Saved entries:
══════════════════════════════
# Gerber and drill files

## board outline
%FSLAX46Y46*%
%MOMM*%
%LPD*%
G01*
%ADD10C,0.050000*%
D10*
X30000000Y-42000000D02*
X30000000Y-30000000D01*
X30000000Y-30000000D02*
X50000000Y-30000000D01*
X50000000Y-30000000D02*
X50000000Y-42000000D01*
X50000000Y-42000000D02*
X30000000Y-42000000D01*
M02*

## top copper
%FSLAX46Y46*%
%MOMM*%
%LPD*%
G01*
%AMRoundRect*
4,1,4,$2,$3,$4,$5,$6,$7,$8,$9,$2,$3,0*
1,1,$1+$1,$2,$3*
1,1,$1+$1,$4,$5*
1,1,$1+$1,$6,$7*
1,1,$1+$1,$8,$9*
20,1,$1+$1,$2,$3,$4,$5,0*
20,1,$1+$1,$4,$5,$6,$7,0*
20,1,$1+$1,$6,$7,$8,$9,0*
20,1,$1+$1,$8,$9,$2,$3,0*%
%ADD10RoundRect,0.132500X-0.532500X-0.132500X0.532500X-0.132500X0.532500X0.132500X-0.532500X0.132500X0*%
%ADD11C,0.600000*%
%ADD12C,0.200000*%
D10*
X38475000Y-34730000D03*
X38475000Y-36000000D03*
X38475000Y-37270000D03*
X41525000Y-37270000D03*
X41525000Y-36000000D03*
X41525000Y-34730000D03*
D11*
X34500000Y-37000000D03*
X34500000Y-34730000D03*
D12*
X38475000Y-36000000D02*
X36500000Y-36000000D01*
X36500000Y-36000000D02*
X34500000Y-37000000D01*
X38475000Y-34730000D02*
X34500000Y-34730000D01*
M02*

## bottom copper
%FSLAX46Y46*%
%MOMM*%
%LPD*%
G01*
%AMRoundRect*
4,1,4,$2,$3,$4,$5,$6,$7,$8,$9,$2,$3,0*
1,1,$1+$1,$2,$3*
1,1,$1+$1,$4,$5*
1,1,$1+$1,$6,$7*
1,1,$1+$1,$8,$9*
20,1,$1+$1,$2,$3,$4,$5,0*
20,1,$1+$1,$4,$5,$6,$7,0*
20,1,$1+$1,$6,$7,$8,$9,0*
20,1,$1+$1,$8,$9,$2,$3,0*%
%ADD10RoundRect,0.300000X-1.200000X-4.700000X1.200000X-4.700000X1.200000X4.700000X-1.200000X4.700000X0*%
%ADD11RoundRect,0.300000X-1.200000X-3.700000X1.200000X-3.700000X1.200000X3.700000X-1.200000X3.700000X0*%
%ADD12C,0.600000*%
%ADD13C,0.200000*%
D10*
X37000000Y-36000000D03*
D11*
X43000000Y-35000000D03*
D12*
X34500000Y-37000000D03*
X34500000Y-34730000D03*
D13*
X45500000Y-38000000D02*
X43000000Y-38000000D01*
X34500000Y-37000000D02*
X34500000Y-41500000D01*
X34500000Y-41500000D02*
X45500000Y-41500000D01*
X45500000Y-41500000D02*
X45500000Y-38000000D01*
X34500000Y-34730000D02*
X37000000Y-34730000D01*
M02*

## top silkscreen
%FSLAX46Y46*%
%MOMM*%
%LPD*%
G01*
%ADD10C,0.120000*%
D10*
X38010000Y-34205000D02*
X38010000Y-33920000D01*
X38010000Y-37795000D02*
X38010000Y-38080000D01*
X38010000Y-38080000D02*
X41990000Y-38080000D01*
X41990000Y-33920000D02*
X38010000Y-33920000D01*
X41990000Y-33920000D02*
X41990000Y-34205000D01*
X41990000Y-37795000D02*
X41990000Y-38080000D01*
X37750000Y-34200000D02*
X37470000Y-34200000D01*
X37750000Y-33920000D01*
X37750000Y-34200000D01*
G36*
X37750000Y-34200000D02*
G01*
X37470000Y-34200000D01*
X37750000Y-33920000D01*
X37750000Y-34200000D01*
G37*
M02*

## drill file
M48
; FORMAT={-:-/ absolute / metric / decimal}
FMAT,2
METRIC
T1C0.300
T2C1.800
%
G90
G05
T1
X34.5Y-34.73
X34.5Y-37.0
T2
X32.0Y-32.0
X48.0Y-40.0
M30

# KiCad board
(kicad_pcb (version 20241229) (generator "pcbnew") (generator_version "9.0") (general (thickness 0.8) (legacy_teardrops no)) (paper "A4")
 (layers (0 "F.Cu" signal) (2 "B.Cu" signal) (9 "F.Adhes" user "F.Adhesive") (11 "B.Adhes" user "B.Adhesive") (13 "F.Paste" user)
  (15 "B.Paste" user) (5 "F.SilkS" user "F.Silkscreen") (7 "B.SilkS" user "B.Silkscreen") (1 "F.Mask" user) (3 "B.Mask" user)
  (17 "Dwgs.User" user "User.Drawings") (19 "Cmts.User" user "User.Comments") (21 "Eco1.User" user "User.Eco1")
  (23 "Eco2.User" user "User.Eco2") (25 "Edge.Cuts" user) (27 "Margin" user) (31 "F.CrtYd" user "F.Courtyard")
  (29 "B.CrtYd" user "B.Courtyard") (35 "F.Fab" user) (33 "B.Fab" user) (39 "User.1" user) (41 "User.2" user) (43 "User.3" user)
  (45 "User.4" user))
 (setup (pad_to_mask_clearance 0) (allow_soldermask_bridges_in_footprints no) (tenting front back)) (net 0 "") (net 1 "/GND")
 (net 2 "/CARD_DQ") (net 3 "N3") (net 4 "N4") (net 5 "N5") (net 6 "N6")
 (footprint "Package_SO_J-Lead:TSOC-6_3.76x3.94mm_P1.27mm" (layer "F.Cu") (at 40 36)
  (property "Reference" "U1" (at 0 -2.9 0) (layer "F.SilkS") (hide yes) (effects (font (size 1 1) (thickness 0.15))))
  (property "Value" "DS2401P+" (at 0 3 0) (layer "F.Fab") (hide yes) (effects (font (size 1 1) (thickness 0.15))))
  (fp_line (start -1.99 -1.795) (end -1.99 -2.08) (stroke (width 0.12) (type solid)) (layer "F.SilkS"))
  (fp_line (start -1.99 1.795) (end -1.99 2.08) (stroke (width 0.12) (type solid)) (layer "F.SilkS"))
  (fp_line (start -1.99 2.08) (end 1.99 2.08) (stroke (width 0.12) (type solid)) (layer "F.SilkS"))
  (fp_line (start 1.99 -2.08) (end -1.99 -2.08) (stroke (width 0.12) (type solid)) (layer "F.SilkS"))
  (fp_line (start 1.99 -2.08) (end 1.99 -1.795) (stroke (width 0.12) (type solid)) (layer "F.SilkS"))
  (fp_line (start 1.99 1.795) (end 1.99 2.08) (stroke (width 0.12) (type solid)) (layer "F.SilkS"))
  (fp_poly
   (pts (xy -2.25 -1.8) (xy -2.53 -1.8) (xy -2.25 -2.08) (xy -2.25 -1.8)) (stroke (width 0.12) (type solid)) (fill yes) (layer "F.SilkS"))
  (pad "1" smd roundrect (at -1.525 -1.27) (size 1.33 0.53) (layers "F.Cu" "F.Mask" "F.Paste") (roundrect_rratio 0.25) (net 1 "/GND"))
  (pad "2" smd roundrect (at -1.525 0) (size 1.33 0.53) (layers "F.Cu" "F.Mask" "F.Paste") (roundrect_rratio 0.25) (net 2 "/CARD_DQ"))
  (pad "3" smd roundrect (at -1.525 1.27) (size 1.33 0.53) (layers "F.Cu" "F.Mask" "F.Paste") (roundrect_rratio 0.25) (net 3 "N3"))
  (pad "4" smd roundrect (at 1.525 1.27) (size 1.33 0.53) (layers "F.Cu" "F.Mask" "F.Paste") (roundrect_rratio 0.25) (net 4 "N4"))
  (pad "5" smd roundrect (at 1.525 0) (size 1.33 0.53) (layers "F.Cu" "F.Mask" "F.Paste") (roundrect_rratio 0.25) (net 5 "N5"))
  (pad "6" smd roundrect (at 1.525 -1.27) (size 1.33 0.53) (layers "F.Cu" "F.Mask" "F.Paste") (roundrect_rratio 0.25) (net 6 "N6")))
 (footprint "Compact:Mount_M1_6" (layer "F.Cu") (at 32 32)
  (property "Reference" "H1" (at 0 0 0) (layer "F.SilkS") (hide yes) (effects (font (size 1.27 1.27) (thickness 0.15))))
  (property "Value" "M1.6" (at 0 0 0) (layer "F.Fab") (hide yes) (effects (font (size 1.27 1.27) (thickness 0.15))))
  (pad "" np_thru_hole circle (at 0 0) (size 1.8 1.8) (drill 1.8) (layers "*.Cu")))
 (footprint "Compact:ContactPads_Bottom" (layer "F.Cu") (at 30 30)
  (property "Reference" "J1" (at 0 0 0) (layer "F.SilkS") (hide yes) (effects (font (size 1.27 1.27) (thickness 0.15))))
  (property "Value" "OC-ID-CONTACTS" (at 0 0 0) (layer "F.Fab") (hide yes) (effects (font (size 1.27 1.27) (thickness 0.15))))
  (pad "1" smd roundrect (at 7 6) (size 3 10) (layers "B.Cu" "B.Mask") (roundrect_rratio 0.1) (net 1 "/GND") (thermal_bridge_angle 45))
  (pad "2" smd roundrect (at 13 5) (size 3 8) (layers "B.Cu" "B.Mask") (roundrect_rratio 0.1) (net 2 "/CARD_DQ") (thermal_bridge_angle 45)))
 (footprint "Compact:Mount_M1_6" (layer "F.Cu") (at 48 40)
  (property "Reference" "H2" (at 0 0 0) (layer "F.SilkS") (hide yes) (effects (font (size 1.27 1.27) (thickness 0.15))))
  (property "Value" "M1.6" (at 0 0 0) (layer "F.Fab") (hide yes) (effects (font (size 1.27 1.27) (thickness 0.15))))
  (pad "" np_thru_hole circle (at 0 0) (size 1.8 1.8) (drill 1.8) (layers "*.Cu")))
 (gr_line (start 30 42) (end 30 30) (stroke (width 0.05) (type default)) (layer "Edge.Cuts"))
 (gr_line (start 30 30) (end 50 30) (stroke (width 0.05) (type default)) (layer "Edge.Cuts"))
 (gr_line (start 50 30) (end 50 42) (stroke (width 0.05) (type default)) (layer "Edge.Cuts"))
 (gr_line (start 50 42) (end 30 42) (stroke (width 0.05) (type default)) (layer "Edge.Cuts"))
 (segment (start 38.475 36) (end 36.5 36) (width 0.2) (layer "F.Cu") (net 2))
 (segment (start 36.5 36) (end 34.5 37) (width 0.2) (layer "F.Cu") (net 2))
 (via (at 34.5 37) (size 0.6) (drill 0.3) (layers "F.Cu" "B.Cu") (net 2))
 (segment (start 45.5 38) (end 43 38) (width 0.2) (layer "B.Cu") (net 2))
 (segment (start 34.5 37) (end 34.5 41.5) (width 0.2) (layer "B.Cu") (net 2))
 (segment (start 34.5 41.5) (end 45.5 41.5) (width 0.2) (layer "B.Cu") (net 2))
 (segment (start 45.5 41.5) (end 45.5 38) (width 0.2) (layer "B.Cu") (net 2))
 (segment (start 38.475 34.73) (end 34.5 34.73) (width 0.2) (layer "F.Cu") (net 1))
 (via (at 34.5 34.73) (size 0.6) (drill 0.3) (layers "F.Cu" "B.Cu") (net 1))
 (segment (start 34.5 34.73) (end 37 34.73) (width 0.2) (layer "B.Cu") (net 1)))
══════════════════════════════
• **What to produce**: Pull out all lines from the entries above that include the word "CrtYd".

• **Solution**:
  (23 "Eco2.User" user "User.Eco2") (25 "Edge.Cuts" user) (27 "Margin" user) (31 "F.CrtYd" user "F.Courtyard")
  (29 "B.CrtYd" user "B.Courtyard") (35 "F.Fab" user) (33 "B.Fab" user) (39 "User.1" user) (41 "User.2" user) (43 "User.3" user)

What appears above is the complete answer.